I don’t support the lockdown, but it’s up the the USFS and other people if they want you there.

Princess Puppy Lovr · · Rent-n, WA · Joined Jun 2018 · Points: 1,756
Insert name wrote:

the parking lot and bathrooms are a different issue. The closed lots were originally all the popular trailheads.

 That was lifted because people just parked right next to them and there wasn’t staff to enforce it. Limiting the parking will be the same issue.

I don’t support the lockdown, but it’s up the the USFS and other people if they want you there.

Yeah I do feel that rumney parking enforcement actually occurred prior to this whole thing, maybe it would continue to persist. Like if the public library and AAC campground are closed, I think if anyone parked illegally elsewhere residents of rumney would have them towed. Also if my memory is correct I think closing one of the gates for the main lot and then obstructing half the lot with a police barricade could keep the numbers down. I feel like there is not ample parking around rumney and half the parking lots in the white mountains are so small that the parking lot essentially has become the side of the road.
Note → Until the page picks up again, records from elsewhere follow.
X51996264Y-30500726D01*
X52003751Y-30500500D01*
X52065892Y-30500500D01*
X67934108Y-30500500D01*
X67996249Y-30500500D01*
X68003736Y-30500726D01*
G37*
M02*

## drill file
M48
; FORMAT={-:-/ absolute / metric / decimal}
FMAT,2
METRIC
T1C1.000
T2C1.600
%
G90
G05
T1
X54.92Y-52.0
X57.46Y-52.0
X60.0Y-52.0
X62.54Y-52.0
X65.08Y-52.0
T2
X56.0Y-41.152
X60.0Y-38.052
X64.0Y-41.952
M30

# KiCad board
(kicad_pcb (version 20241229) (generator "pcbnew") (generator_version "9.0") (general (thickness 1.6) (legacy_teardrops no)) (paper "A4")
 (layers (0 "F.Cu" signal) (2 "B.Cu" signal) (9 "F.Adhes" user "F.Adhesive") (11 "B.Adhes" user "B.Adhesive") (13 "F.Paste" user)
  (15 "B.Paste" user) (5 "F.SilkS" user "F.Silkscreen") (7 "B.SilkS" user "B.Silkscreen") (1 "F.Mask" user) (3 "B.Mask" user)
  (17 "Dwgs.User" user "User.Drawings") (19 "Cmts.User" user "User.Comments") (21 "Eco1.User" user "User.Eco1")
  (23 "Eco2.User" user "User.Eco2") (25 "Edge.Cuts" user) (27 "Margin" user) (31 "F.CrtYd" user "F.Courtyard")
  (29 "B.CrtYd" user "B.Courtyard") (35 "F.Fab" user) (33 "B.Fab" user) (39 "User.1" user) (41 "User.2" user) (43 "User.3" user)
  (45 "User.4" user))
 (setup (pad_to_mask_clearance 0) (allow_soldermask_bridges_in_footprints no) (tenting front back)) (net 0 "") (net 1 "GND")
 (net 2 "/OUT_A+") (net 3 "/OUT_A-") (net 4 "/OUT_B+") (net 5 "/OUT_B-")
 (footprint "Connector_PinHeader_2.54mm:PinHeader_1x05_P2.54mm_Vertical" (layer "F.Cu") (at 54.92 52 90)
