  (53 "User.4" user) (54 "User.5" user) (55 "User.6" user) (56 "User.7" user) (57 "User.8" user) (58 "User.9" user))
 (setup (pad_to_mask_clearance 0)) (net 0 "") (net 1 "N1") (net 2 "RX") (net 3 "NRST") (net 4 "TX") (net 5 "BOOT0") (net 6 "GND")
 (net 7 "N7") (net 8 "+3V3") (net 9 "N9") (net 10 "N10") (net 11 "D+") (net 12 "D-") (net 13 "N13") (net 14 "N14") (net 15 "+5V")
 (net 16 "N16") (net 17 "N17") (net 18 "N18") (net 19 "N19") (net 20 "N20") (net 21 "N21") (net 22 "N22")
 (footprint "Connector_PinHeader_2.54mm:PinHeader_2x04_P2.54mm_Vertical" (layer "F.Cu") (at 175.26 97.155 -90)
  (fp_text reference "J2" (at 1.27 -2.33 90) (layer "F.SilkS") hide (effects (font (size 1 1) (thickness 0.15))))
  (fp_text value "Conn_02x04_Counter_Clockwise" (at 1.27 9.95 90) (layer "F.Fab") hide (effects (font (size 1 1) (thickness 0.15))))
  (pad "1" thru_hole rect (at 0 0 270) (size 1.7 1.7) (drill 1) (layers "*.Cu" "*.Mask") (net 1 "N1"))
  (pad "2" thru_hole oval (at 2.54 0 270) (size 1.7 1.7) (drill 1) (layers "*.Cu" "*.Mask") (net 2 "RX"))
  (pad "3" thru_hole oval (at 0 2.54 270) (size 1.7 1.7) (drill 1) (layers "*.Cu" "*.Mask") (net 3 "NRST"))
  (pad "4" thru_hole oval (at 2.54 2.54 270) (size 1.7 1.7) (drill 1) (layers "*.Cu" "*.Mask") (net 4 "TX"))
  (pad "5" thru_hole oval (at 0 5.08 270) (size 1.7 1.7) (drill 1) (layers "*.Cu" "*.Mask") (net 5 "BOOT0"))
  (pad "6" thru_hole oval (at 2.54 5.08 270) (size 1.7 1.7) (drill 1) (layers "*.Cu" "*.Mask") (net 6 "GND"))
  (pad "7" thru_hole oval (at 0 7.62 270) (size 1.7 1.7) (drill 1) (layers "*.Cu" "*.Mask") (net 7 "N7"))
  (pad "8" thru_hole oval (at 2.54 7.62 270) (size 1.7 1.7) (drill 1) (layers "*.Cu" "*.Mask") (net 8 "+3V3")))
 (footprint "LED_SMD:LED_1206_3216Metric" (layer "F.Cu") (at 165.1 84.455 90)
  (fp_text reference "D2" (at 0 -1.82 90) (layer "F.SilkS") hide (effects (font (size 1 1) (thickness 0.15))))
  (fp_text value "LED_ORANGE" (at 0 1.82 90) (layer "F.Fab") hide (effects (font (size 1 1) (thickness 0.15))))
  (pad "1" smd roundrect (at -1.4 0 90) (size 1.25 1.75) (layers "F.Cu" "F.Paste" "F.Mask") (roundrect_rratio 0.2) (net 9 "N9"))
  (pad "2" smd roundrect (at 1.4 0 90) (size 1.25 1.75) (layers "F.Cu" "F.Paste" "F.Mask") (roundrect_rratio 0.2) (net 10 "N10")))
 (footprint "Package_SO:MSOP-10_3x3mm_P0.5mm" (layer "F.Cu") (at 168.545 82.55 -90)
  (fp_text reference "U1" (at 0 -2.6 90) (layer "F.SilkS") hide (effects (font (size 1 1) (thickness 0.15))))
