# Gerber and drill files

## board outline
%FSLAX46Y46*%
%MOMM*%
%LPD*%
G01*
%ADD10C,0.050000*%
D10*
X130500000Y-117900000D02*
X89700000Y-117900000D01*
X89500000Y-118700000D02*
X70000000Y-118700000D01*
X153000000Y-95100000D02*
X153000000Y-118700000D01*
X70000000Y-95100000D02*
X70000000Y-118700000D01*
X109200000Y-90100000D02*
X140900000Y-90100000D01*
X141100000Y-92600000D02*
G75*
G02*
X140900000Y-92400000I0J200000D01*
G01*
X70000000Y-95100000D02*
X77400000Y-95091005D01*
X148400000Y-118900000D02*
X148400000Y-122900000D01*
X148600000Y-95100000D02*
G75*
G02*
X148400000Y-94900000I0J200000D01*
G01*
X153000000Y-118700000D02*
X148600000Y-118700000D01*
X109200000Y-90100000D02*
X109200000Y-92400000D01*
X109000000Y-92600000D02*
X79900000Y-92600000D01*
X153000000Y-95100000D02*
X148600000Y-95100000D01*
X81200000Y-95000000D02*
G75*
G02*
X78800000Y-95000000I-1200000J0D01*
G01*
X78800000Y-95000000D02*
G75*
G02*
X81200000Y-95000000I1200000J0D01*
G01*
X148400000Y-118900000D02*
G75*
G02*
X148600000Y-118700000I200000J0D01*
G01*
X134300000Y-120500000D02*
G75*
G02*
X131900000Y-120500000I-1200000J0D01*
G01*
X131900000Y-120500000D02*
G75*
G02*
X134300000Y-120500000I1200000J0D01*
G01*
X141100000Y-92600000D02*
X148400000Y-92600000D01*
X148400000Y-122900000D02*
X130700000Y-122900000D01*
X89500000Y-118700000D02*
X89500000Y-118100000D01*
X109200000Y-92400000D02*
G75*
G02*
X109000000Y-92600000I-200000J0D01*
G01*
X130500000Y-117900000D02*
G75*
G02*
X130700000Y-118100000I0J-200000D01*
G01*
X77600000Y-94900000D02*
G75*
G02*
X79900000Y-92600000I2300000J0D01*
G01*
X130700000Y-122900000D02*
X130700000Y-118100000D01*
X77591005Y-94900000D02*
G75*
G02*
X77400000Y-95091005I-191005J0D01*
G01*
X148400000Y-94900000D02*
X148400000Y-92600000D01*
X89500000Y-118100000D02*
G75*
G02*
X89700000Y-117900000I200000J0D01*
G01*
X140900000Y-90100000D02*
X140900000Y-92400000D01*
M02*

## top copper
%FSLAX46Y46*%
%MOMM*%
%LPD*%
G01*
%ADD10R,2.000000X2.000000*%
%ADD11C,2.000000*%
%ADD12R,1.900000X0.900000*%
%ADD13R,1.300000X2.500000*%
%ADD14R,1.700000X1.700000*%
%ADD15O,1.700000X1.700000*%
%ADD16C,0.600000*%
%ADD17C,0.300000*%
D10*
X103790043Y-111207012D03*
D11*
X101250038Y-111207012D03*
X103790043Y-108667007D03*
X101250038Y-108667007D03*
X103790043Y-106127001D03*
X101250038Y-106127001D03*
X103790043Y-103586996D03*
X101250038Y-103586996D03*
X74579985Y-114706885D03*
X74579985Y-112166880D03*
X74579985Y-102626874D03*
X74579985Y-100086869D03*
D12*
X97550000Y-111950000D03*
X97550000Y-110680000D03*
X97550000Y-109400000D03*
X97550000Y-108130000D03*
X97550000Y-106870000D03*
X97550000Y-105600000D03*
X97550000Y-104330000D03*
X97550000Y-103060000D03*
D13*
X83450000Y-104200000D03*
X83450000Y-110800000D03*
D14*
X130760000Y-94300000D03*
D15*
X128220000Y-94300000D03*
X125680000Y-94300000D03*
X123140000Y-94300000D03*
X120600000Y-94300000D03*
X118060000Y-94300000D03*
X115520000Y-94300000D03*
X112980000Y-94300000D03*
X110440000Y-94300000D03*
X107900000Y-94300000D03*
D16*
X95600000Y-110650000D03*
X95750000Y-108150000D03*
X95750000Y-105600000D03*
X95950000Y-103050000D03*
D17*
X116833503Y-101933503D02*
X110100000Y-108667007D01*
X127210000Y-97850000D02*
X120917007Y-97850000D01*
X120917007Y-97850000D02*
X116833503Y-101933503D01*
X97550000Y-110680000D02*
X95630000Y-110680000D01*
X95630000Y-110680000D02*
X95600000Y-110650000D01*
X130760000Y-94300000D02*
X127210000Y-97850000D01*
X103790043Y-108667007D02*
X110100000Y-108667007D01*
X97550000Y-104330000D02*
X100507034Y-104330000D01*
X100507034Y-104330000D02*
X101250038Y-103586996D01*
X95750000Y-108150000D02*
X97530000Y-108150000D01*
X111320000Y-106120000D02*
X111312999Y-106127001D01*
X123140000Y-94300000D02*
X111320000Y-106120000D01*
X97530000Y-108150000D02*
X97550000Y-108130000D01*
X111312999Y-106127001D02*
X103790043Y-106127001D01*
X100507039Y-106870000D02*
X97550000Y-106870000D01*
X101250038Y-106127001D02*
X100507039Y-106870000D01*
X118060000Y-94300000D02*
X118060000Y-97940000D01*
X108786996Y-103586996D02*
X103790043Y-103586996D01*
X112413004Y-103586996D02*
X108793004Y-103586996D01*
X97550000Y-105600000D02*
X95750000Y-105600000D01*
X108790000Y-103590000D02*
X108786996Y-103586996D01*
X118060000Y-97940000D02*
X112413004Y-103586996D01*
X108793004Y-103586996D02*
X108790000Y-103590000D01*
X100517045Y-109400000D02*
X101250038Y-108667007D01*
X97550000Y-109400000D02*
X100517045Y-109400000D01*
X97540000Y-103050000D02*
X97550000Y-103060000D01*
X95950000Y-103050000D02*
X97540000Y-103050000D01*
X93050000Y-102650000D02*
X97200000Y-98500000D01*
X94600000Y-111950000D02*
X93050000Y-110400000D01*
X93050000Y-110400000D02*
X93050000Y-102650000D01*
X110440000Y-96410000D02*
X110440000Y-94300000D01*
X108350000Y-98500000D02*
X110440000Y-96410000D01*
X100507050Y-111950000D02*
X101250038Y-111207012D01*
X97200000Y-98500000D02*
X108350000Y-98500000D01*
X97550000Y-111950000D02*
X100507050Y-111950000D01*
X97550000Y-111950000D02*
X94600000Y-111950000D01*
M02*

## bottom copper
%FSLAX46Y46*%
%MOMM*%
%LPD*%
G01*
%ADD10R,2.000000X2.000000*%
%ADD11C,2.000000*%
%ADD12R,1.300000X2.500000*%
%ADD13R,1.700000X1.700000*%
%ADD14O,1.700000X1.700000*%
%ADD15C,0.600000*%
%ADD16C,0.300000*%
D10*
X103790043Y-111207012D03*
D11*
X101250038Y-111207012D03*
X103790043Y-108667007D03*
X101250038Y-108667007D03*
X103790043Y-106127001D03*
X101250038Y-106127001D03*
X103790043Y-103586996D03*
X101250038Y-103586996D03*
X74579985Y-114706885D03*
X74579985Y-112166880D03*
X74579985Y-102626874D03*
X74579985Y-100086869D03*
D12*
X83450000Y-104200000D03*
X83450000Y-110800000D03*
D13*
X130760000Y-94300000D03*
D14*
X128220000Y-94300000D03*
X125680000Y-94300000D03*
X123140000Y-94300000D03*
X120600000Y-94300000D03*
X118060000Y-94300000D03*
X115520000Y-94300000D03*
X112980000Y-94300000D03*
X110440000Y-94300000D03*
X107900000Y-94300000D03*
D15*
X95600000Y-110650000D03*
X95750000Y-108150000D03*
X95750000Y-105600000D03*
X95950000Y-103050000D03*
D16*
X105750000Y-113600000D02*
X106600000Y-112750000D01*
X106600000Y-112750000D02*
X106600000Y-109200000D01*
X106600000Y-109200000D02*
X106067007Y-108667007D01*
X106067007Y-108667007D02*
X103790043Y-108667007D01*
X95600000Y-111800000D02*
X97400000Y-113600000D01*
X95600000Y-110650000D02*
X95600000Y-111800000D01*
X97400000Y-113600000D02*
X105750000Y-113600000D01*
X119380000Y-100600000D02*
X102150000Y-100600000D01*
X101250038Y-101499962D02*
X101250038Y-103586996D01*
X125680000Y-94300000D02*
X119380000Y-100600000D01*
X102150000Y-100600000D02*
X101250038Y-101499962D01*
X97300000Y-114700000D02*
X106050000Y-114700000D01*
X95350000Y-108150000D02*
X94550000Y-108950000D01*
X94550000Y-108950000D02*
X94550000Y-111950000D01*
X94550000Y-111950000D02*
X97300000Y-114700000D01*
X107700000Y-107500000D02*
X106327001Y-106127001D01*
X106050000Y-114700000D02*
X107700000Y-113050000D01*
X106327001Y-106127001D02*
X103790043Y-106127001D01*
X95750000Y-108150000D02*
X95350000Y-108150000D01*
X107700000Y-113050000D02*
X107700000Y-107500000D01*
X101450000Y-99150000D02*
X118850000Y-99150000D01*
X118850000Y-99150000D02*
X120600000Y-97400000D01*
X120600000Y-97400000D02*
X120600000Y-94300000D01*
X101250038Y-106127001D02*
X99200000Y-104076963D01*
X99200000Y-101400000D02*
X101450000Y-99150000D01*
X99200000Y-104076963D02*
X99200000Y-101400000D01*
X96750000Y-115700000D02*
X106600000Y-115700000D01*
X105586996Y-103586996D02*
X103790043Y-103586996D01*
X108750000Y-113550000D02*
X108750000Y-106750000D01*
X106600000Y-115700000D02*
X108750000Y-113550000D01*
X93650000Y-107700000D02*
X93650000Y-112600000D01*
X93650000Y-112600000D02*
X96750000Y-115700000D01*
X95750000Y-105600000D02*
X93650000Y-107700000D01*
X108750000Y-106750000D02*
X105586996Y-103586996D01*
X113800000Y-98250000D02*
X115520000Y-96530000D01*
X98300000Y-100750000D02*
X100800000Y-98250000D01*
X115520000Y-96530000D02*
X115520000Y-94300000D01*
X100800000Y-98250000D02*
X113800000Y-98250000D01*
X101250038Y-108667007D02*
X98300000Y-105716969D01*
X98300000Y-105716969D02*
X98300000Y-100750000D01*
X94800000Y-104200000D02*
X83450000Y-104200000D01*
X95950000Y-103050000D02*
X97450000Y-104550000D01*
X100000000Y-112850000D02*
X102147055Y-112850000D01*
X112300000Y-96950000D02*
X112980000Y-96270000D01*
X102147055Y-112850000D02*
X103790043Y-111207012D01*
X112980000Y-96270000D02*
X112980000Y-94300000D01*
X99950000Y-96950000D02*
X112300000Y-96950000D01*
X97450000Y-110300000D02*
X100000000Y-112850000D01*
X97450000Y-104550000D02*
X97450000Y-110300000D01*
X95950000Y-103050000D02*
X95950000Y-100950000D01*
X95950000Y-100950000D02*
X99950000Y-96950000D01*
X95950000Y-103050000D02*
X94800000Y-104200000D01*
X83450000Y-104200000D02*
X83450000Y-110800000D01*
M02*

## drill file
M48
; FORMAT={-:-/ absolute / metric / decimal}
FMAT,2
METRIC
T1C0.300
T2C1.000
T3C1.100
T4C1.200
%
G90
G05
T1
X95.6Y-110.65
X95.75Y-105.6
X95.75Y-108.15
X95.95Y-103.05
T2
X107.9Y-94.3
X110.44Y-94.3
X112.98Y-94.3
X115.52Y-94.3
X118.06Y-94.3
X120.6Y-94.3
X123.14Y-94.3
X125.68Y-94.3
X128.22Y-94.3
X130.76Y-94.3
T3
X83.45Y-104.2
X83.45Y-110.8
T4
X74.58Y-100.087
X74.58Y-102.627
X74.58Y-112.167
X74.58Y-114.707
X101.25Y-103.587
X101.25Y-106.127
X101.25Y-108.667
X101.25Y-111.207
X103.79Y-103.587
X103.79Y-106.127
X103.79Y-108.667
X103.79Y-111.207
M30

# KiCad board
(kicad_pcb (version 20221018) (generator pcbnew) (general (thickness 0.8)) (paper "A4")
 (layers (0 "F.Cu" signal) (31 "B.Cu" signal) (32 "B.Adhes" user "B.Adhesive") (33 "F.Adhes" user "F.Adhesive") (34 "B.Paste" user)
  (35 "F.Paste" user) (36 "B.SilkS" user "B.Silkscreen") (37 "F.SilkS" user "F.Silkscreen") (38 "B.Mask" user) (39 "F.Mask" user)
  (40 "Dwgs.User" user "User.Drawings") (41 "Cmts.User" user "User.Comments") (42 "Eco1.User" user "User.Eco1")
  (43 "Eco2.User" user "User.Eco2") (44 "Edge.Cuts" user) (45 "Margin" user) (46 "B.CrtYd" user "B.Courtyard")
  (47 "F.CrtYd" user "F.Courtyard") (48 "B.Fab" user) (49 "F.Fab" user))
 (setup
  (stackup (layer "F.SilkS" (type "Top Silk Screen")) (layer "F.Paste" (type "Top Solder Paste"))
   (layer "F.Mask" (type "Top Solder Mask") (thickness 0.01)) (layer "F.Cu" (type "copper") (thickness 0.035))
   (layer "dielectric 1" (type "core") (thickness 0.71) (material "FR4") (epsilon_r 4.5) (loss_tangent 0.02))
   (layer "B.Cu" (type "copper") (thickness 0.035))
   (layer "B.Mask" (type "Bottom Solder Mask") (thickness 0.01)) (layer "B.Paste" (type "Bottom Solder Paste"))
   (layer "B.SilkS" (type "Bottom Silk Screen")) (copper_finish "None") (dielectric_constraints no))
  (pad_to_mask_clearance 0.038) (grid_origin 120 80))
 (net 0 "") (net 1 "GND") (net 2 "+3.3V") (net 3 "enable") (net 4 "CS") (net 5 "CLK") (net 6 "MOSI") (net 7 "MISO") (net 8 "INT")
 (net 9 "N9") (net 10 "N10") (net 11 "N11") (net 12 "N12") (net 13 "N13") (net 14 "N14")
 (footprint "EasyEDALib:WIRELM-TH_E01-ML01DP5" (layer "F.Cu") (at 89.185014 107.396877)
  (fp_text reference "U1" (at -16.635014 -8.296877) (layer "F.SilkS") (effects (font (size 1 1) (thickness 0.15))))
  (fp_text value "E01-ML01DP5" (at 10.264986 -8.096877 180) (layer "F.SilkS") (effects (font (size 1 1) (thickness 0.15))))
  (pad "1" thru_hole rect (at 14.605029 3.810135 180) (size 2 2) (drill 1.2) (layers "*.Cu" "*.Mask") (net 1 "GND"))
  (pad "2" thru_hole circle (at 12.065024 3.810135) (size 2 2) (drill 1.2) (layers "*.Cu" "*.Mask") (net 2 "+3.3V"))
  (pad "3" thru_hole circle (at 14.605029 1.27013) (size 2 2) (drill 1.2) (layers "*.Cu" "*.Mask") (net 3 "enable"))
  (pad "4" thru_hole circle (at 12.065024 1.27013) (size 2 2) (drill 1.2) (layers "*.Cu" "*.Mask") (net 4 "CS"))
  (pad "5" thru_hole circle (at 14.605029 -1.269876) (size 2 2) (drill 1.2) (layers "*.Cu" "*.Mask") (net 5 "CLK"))
  (pad "6" thru_hole circle (at 12.065024 -1.269876) (size 2 2) (drill 1.2) (layers "*.Cu" "*.Mask") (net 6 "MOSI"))
  (pad "7" thru_hole circle (at 14.605029 -3.809881) (size 2 2) (drill 1.2) (layers "*.Cu" "*.Mask") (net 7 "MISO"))
  (pad "8" thru_hole circle (at 12.065024 -3.809881) (size 2 2) (drill 1.2) (layers "*.Cu" "*.Mask") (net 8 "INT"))
  (pad "9" thru_hole circle (at -14.605029 7.310008) (size 2 2) (drill 1.2) (layers "*.Cu" "*.Mask") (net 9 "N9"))
  (pad "10" thru_hole circle (at -14.605029 4.770003) (size 2 2) (drill 1.2) (layers "*.Cu" "*.Mask") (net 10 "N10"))
  (pad "11" thru_hole circle (at -14.605029 -4.770003) (size 2 2) (drill 1.2) (layers "*.Cu" "*.Mask") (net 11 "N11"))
David K · · The Road, Sometimes Chattan… · Joined Jan 2017 · Points: 434
Russ Keane wrote: It's hard to make the case that the local hospital system would be impacted by people congregating at a day-use climbing area, where anyone from out-of-state would be there for only a day, or maybe 2-3 weekend, and then returning to their home.  Symptoms of any virus would not show for 10-20 days or whatever it is.  So it's not like people touch a climbing hold, then lower down and  have Covid and need emergency care on the spot.  

...which is why nobody is making that case.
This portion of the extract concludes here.